What you have to do: Among the records below, find the line that has "X31857142Y-22718152D02*"; from there, give the lines again exactly, and stop after the line that has "X32428571Y-22527676D02*".

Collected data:

[Start of section]

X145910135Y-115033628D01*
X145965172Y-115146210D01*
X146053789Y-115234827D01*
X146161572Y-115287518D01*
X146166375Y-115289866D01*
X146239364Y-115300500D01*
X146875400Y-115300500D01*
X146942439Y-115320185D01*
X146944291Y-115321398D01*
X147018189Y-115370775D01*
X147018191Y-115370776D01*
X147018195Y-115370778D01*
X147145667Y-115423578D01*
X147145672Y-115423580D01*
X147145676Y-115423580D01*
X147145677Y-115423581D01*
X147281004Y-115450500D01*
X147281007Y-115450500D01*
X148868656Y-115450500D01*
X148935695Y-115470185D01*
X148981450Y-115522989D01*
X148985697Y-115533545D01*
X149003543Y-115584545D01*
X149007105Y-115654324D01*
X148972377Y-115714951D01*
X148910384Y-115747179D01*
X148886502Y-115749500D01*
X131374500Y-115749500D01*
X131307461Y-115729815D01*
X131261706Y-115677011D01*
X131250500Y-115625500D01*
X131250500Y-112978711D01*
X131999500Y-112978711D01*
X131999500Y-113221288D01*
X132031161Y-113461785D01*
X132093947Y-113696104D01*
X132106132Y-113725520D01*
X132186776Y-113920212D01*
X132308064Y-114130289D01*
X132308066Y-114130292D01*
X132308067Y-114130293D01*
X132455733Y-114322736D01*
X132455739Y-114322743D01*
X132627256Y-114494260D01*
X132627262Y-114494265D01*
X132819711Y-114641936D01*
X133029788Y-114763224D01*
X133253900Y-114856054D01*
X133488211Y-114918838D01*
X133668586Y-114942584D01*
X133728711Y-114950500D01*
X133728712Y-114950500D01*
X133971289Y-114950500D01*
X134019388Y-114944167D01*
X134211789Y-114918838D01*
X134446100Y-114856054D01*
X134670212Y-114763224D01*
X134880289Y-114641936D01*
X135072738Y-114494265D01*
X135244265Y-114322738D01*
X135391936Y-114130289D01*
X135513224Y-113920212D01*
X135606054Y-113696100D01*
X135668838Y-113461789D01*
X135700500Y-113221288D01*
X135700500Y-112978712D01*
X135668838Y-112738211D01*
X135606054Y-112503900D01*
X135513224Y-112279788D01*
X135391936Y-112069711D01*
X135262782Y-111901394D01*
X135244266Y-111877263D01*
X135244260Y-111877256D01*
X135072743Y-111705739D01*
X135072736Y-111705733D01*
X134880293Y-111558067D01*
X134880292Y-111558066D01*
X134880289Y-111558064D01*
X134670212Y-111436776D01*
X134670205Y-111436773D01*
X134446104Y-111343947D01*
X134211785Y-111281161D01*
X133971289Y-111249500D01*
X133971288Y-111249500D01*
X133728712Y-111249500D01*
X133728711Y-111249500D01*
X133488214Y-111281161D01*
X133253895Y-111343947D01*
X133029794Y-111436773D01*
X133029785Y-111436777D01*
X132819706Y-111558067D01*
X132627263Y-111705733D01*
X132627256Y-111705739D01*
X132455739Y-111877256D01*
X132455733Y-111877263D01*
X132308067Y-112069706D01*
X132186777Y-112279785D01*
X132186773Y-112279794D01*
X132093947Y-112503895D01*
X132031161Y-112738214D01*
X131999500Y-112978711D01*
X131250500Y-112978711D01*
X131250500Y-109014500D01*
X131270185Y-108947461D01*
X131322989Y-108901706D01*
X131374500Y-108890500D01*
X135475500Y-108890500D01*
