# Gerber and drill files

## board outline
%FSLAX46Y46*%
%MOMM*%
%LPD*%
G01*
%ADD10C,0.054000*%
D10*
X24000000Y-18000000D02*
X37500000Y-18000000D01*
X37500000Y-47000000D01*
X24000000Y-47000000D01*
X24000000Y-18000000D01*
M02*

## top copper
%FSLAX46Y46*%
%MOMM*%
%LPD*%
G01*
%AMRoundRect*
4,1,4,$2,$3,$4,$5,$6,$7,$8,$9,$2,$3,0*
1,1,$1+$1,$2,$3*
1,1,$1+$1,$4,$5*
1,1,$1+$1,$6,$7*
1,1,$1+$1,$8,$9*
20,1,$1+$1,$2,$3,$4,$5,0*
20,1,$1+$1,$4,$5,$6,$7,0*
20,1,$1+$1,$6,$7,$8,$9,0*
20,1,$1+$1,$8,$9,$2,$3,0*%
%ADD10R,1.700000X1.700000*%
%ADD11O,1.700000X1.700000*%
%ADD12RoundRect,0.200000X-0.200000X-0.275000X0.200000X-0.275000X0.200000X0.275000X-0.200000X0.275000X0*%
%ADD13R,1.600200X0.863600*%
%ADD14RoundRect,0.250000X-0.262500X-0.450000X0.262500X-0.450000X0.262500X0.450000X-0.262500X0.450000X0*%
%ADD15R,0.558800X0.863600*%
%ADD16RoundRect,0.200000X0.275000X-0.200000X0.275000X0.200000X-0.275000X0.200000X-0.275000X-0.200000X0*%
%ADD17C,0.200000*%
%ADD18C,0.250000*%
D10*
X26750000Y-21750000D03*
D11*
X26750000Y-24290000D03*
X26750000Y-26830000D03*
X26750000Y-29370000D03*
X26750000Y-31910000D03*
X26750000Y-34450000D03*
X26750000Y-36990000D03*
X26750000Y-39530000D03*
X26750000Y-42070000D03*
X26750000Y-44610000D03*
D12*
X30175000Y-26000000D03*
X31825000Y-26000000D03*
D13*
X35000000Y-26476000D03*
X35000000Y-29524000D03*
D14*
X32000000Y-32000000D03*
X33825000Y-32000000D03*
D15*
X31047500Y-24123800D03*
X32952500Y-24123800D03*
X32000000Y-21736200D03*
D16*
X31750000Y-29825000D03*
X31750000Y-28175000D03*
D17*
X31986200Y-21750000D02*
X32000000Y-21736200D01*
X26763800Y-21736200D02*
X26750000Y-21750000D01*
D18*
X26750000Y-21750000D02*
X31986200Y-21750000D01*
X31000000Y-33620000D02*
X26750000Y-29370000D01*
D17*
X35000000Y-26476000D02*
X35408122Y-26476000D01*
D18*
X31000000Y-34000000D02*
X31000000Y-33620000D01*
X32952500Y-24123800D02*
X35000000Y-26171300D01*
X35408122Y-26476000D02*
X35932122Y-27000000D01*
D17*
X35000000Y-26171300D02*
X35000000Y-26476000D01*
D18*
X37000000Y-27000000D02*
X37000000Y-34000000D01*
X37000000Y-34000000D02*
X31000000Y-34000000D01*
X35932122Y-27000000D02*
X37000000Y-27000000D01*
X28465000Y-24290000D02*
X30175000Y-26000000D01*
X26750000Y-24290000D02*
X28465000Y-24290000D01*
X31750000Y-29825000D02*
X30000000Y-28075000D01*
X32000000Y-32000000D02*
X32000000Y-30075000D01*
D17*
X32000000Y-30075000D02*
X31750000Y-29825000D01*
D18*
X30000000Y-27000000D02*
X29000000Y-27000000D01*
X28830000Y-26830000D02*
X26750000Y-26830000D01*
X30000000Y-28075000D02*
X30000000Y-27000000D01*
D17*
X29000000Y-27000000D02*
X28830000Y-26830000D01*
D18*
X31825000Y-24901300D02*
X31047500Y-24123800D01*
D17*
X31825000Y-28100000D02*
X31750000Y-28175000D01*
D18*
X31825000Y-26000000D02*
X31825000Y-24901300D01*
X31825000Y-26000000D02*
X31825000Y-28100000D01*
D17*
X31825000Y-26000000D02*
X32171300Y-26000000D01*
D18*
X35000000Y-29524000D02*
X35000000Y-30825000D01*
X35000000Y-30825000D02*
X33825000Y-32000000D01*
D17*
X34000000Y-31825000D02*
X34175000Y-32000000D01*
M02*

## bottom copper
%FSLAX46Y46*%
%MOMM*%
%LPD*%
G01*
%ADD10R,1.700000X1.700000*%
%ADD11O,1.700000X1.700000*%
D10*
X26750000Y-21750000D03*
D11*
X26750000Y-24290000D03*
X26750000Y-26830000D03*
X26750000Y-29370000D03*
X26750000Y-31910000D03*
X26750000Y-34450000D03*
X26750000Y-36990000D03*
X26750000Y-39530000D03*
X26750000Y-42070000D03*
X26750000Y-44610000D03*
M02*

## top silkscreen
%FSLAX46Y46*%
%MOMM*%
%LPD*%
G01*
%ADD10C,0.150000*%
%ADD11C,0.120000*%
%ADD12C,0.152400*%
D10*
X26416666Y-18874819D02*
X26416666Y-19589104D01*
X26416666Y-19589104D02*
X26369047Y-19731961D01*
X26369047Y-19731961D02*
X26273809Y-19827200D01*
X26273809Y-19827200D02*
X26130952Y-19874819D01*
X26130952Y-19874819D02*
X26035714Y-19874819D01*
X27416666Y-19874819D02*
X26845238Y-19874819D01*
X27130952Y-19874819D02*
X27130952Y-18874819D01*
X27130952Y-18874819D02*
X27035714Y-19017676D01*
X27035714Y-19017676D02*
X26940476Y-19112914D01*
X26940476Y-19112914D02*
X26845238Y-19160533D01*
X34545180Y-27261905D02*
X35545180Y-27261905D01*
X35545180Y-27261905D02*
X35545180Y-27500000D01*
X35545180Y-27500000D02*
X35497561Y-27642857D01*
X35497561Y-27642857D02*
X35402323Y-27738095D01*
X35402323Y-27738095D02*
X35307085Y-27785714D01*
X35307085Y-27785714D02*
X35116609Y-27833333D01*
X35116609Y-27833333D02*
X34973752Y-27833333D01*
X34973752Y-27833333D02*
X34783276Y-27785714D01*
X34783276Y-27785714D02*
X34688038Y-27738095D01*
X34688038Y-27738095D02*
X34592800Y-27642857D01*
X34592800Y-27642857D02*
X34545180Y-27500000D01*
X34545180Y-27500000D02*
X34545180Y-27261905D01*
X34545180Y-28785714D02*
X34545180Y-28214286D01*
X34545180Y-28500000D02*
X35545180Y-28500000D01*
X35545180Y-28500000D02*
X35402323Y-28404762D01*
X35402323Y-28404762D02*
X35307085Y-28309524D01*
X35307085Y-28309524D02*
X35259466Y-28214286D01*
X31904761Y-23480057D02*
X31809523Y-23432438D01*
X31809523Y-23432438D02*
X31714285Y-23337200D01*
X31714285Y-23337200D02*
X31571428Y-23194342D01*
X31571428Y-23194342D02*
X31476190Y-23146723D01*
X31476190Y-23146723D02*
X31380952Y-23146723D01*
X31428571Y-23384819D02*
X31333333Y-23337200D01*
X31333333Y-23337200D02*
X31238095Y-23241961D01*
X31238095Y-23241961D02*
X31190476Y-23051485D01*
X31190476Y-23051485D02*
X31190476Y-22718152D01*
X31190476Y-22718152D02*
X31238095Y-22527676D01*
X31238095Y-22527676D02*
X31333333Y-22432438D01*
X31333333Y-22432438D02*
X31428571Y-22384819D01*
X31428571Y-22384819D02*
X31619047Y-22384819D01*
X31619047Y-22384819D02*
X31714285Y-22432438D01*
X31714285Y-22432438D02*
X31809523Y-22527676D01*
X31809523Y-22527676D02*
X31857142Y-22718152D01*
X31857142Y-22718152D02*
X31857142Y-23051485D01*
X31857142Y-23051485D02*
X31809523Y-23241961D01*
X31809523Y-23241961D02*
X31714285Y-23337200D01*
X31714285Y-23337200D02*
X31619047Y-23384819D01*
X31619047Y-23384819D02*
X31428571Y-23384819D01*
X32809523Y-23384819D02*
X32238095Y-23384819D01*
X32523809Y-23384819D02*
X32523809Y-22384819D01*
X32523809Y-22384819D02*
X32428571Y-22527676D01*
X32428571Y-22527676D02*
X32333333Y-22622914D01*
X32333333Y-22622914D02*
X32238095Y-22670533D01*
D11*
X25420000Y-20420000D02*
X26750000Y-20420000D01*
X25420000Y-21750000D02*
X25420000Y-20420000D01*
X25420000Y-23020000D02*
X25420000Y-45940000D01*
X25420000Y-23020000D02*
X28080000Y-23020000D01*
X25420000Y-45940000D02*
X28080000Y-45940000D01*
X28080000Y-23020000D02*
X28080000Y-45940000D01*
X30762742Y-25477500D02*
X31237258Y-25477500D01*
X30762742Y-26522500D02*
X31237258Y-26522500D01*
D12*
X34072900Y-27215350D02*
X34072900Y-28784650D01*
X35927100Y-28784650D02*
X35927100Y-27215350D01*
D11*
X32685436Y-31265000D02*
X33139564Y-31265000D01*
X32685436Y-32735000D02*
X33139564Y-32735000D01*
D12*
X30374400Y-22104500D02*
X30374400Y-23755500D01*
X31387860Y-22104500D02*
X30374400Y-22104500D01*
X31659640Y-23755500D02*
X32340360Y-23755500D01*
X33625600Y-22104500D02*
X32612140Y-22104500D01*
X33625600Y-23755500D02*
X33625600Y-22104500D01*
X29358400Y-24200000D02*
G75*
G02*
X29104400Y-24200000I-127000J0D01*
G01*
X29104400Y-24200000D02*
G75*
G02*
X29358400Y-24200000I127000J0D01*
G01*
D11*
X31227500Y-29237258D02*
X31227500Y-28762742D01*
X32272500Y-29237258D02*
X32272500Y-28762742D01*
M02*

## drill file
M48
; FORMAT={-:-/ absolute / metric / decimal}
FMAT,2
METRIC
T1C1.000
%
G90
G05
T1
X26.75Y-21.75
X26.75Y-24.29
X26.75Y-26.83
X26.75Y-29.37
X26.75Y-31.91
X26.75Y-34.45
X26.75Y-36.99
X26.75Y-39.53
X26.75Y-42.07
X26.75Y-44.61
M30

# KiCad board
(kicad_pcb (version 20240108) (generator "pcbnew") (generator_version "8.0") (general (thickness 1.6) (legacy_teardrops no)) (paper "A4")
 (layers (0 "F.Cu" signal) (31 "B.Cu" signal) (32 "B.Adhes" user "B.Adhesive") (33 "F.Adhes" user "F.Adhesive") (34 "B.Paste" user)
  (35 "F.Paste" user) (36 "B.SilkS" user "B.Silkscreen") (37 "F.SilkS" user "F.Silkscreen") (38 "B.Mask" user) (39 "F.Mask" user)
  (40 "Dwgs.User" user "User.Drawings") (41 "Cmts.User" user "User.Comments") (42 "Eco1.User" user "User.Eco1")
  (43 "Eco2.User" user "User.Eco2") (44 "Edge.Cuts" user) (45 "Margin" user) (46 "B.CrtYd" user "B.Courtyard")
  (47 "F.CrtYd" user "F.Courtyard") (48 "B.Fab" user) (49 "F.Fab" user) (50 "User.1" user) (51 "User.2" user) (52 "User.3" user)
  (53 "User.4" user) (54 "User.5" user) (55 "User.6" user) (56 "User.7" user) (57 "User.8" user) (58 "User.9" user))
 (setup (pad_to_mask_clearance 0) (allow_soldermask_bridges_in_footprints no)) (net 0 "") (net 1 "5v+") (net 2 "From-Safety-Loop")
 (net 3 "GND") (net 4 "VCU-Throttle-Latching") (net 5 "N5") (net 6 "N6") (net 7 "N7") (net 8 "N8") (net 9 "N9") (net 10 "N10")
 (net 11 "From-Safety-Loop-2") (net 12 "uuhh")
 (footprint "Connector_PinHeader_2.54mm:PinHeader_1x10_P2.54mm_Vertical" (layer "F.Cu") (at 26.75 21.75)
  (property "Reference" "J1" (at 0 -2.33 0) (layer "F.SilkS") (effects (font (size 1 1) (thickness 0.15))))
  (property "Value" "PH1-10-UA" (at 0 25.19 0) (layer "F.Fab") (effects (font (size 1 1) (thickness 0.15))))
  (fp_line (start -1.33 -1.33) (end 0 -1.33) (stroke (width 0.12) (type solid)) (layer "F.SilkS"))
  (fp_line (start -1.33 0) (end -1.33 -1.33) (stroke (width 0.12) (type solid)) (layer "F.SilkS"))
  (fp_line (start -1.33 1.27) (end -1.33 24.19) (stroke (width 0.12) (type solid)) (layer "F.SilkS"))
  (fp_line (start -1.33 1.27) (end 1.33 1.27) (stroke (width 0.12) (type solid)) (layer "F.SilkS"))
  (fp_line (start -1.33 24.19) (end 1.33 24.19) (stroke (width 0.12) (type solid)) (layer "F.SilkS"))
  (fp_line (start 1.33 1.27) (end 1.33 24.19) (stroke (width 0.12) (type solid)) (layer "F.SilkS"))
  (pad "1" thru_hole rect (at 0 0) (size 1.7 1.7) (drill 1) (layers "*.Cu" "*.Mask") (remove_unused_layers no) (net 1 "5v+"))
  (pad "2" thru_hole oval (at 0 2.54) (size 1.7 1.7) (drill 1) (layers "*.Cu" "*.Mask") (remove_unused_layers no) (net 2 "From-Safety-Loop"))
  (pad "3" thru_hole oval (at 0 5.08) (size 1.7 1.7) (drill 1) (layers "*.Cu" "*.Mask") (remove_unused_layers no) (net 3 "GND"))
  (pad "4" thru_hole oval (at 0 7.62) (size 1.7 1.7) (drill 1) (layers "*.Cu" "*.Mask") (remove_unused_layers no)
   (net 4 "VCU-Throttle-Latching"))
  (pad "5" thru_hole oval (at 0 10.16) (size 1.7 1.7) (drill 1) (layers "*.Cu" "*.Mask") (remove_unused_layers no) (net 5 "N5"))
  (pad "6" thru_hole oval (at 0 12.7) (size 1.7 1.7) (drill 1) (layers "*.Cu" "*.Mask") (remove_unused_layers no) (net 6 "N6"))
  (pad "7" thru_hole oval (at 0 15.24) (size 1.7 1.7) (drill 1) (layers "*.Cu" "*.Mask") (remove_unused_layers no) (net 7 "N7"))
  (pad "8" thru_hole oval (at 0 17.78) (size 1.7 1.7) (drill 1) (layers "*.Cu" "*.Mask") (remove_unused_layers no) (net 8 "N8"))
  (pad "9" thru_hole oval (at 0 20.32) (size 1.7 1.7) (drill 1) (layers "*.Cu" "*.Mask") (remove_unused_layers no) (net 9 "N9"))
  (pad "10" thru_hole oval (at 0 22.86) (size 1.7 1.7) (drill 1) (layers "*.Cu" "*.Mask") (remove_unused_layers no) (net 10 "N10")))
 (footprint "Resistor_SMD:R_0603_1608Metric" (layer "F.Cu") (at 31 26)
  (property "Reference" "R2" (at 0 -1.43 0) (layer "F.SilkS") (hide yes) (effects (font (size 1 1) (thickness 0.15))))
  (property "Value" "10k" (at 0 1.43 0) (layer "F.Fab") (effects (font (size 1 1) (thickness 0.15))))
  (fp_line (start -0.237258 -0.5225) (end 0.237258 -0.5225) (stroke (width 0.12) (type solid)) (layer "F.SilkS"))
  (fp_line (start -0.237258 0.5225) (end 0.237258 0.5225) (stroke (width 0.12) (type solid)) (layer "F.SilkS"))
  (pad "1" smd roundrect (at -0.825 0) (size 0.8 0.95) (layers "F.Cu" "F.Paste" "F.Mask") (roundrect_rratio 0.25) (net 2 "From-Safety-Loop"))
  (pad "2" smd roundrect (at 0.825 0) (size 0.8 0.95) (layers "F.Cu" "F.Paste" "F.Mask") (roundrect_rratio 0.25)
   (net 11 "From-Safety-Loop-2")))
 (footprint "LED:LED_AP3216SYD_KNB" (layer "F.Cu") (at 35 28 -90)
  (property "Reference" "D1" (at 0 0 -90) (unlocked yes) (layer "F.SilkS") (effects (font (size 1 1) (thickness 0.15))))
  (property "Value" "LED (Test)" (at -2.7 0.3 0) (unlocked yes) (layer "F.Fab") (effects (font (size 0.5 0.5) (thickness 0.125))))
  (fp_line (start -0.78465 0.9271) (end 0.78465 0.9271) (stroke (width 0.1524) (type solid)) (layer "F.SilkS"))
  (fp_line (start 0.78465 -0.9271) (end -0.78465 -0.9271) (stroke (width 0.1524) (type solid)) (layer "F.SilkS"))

[End of section]

Result:
X31857142Y-22718152D02*
X31857142Y-23051485D01*
X31857142Y-23051485D02*
X31809523Y-23241961D01*
X31809523Y-23241961D02*
X31714285Y-23337200D01*
X31714285Y-23337200D02*
X31619047Y-23384819D01*
X31619047Y-23384819D02*
X31428571Y-23384819D01*
X32809523Y-23384819D02*
X32238095Y-23384819D01*
X32523809Y-23384819D02*
X32523809Y-22384819D01*
X32523809Y-22384819D02*
X32428571Y-22527676D01*
X32428571Y-22527676D02*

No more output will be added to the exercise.